The tornado was the best thing that ever happened to this opportunistic man. He certainly turned tragedy into a money maker for himself and his buddies.

There is no question in my mind that if, on May 22, 2011, Jim Simpson was still the superintendent, along with Steve Doerr and Doug Domer, our kids would have started school the following Fall. The schools would have been rebuilt without all the "razzle-dazzle" that won't make the students one bit smarter, and they would have done it without squeezing the taxpayers until it hurt. They certainly wouldn't have used the tornado as a spring board to advance their career.

Although I didn't always agree with Dr. Simpson and his administrative team, I always respected them because they were men of integrity, something that is completely foreign to CJ and his cheerleaders.

Anonymous said...

10:20 makes some good points about the negative attitude that someone like Huff often displays to the community, as far as portraying us as somehow ignorant. You can see this attitude extend to other administration and honestly to a lot of the city leaders in general.

I remember when certain influential people were pushing for Memorial Hall to be converted into a museum, or that rich guy that wanted the room that Bonnie & Clyde stayed in to be turned into a legitimate business. When people opposed those measures, the comments on the Globe site were often the most elitist snobby stuff you ever heard, insulting the town as being into wrestling and tractor pulls and basically not sophisticated enough to know what's good for itself.

You can see those kinds of comments echoed in the subtext of Huff and administration. If we ever knew this mysterious and perpetually intangible "real story," we would know that Huff is in fact some Promethean hero stealing fire from the gods to enlighten our poor little minds. The problem with that attitude is that it comes from people who are themselves exactly the kind of nouveau riche unsophisticated types they portray everyone else to be - just because they got a little money in their pockets over the past generation or two they somehow took it as evidence that they became smarter in the process, and are not in fact the same as the rest of us.

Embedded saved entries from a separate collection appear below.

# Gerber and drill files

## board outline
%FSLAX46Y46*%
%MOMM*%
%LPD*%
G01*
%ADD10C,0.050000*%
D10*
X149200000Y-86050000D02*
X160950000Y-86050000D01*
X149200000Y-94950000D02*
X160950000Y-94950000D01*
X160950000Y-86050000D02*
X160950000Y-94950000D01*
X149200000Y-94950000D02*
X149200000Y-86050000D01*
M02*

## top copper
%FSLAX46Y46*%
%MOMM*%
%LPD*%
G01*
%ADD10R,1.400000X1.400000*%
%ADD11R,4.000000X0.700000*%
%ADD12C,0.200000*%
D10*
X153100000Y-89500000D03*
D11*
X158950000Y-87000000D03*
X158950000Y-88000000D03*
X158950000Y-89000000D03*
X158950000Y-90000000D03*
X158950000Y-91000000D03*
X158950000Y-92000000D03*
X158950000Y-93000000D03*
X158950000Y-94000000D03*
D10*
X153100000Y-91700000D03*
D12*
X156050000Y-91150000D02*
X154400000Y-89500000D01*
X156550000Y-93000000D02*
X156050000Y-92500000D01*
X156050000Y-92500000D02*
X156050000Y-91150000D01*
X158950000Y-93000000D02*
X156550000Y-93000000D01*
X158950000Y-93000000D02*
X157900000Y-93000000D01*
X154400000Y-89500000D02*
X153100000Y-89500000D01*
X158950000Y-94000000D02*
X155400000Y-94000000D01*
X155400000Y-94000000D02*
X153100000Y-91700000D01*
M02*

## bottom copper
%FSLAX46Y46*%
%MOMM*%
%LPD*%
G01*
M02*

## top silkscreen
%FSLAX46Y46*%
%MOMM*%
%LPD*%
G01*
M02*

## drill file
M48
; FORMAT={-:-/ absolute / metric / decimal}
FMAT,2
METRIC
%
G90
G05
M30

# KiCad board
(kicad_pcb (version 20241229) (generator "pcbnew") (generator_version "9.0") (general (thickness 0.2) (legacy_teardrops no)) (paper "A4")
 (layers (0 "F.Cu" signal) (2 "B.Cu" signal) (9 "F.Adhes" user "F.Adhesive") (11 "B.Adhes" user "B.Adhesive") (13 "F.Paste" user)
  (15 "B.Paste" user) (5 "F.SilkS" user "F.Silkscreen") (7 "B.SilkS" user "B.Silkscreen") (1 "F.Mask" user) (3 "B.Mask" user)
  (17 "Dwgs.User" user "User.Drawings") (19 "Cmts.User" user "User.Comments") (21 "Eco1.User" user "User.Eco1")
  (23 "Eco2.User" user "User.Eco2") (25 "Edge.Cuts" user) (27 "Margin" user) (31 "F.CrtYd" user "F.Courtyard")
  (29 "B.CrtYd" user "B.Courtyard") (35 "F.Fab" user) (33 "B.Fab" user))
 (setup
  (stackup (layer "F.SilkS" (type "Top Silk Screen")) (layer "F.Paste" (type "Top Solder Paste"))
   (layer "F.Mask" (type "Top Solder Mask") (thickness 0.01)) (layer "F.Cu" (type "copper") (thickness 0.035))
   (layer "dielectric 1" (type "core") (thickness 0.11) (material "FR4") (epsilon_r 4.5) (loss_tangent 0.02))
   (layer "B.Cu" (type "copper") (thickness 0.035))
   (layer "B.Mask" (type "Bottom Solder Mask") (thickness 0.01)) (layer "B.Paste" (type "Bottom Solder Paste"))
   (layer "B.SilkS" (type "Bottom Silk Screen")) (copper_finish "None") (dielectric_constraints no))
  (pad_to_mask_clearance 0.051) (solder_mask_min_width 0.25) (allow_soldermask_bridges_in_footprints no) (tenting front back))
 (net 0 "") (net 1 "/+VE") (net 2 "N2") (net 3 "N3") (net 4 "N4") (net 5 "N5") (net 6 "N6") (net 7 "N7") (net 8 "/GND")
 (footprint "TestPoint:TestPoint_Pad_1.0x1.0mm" (layer "F.Cu") (at 153.1 89.3)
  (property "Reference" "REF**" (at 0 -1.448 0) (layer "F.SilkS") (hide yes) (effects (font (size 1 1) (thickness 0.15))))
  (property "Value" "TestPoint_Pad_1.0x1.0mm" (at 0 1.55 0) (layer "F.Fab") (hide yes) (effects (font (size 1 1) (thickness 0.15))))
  (pad "1" smd rect (at 0 0.2) (size 1.4 1.4) (layers "F.Cu" "F.Mask") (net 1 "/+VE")))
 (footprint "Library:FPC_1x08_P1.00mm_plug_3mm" (layer "F.Cu") (at 156.95 90.5)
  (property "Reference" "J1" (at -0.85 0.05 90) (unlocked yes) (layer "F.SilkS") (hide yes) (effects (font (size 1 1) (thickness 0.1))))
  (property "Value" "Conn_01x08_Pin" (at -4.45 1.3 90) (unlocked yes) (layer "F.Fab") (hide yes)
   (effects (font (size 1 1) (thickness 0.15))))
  (pad "1" connect rect (at 2 -3.5) (size 4 0.7) (layers "F.Cu" "F.Mask") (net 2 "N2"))
  (pad "2" connect rect (at 2 -2.5) (size 4 0.7) (layers "F.Cu" "F.Mask") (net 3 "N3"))
  (pad "3" connect rect (at 2 -1.5) (size 4 0.7) (layers "F.Cu" "F.Mask") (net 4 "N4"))
  (pad "4" connect rect (at 2 -0.5) (size 4 0.7) (layers "F.Cu" "F.Mask") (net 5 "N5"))
  (pad "5" connect rect (at 2 0.5) (size 4 0.7) (layers "F.Cu" "F.Mask") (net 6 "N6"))
  (pad "6" connect rect (at 2 1.5) (size 4 0.7) (layers "F.Cu" "F.Mask") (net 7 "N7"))
  (pad "7" connect rect (at 2 2.5) (size 4 0.7) (layers "F.Cu" "F.Mask") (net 1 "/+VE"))
  (pad "8" connect rect (at 2 3.5) (size 4 0.7) (layers "F.Cu" "F.Mask") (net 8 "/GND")))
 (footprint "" (layer "F.Cu") (at 153.1 91.7)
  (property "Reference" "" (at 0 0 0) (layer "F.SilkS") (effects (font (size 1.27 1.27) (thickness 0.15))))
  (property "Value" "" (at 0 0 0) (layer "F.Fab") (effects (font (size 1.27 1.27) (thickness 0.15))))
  (pad "1" smd rect (at 0 0) (size 1.4 1.4) (layers "F.Cu" "F.Mask") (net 8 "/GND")))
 (gr_line (start 149.2 86.05) (end 160.95 86.05) (stroke (width 0.05) (type default)) (layer "Edge.Cuts"))
 (gr_line (start 149.2 94.95) (end 160.95 94.95) (stroke (width 0.05) (type default)) (layer "Edge.Cuts"))
 (gr_line (start 160.95 86.05) (end 160.95 94.95) (stroke (width 0.05) (type default)) (layer "Edge.Cuts"))
 (gr_line (start 149.2 94.95) (end 149.2 86.05) (stroke (width 0.05) (type default)) (layer "Edge.Cuts"))
 (segment (start 156.05 91.15) (end 154.4 89.5) (width 0.2) (layer "F.Cu") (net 1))
 (segment (start 156.55 93) (end 156.05 92.5) (width 0.2) (layer "F.Cu") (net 1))
 (segment (start 156.05 92.5) (end 156.05 91.15) (width 0.2) (layer "F.Cu") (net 1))
 (segment (start 158.95 93) (end 156.55 93) (width 0.2) (layer "F.Cu") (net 1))
 (segment (start 158.95 93) (end 157.9 93) (width 0.2) (layer "F.Cu") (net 1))
 (segment (start 154.4 89.5) (end 153.1 89.5) (width 0.2) (layer "F.Cu") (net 1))
 (segment (start 158.95 94) (end 155.4 94) (width 0.2) (layer "F.Cu") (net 8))
 (segment (start 155.4 94) (end 153.1 91.7) (width 0.2) (layer "F.Cu") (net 8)))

To be sure, their kitsch is not culture; the plaster facade is just that - a facade. They are not smart enough to perceive their own ignorance. You know how they say that the people who should be in politics are the ones smart enough to have self-doubt and end up thinking they are unsuited for the job? That's the reality. The people who are actually smart and practical in this town are the ones who end up in positions that don't draw as much attention to themselves, because they're busy working. They are engineers, in labs, driving trucks, building things. Those people are the ones who get things done while the people on top are busy taking credit and pretending they are important. That includes Stark.

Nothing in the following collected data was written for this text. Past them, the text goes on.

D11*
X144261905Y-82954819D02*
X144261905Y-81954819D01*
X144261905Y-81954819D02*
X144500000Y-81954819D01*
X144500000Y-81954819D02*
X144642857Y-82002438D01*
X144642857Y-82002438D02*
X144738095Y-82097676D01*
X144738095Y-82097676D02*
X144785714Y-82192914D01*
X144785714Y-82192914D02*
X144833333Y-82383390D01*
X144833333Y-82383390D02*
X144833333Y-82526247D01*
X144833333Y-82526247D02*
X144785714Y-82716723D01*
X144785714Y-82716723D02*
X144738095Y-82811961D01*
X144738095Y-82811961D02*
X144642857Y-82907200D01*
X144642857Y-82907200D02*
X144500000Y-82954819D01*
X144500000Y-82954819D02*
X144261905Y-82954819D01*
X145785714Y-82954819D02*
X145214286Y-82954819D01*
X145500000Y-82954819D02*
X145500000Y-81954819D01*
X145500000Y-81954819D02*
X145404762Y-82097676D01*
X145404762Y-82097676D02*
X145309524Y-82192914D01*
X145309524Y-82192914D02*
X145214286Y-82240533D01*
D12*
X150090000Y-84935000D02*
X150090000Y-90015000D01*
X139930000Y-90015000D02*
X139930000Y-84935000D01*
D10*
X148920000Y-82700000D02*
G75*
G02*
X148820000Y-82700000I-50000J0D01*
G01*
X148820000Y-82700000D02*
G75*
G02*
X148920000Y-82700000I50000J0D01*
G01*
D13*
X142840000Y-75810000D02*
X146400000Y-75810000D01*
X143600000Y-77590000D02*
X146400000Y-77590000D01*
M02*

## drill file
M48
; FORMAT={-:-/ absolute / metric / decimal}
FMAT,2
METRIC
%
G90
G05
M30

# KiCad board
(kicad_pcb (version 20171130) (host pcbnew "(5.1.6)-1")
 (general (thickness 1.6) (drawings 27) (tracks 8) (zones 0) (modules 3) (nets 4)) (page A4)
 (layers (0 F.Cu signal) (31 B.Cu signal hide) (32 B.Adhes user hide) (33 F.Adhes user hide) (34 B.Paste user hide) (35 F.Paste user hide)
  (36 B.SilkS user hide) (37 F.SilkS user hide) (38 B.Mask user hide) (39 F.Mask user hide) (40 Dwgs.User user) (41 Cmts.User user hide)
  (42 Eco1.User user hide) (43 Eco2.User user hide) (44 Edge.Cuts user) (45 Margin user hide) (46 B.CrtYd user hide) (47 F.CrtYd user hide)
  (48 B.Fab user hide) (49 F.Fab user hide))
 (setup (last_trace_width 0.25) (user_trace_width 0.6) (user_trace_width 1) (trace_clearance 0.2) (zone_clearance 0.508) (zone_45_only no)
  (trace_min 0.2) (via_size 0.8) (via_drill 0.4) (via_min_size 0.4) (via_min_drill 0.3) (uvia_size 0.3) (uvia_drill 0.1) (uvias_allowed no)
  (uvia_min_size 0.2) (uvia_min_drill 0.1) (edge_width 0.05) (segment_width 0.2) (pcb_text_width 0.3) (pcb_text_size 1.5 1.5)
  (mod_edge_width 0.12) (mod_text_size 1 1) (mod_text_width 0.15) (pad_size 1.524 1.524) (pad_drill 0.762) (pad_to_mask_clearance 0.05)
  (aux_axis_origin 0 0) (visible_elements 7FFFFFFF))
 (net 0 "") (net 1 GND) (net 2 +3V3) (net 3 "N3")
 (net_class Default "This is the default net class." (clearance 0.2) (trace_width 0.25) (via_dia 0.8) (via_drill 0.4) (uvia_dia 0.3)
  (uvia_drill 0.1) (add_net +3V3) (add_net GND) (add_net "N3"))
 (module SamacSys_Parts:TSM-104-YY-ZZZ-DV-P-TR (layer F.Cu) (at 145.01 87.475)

That's also why the brightest and the best of the kids who could make a difference end up leaving town - to be with their own kind. The "best" in a small town like McCune end up having an inflated sense of self because there was never any significant challenge or competition. Huff doesn't end up in a place like Columbia because his inherent weaknesses would be readily exposed. The real opposition to growth in this town is the mediocrity that doesn't want to see itself challenged, losing power in the process. Here is an insular place where one can spin whatever myths they want to the outside world, like Huff and his line about the town's "piddling" and "apathetic" interest in the schools. We're interested now, hope you're happy.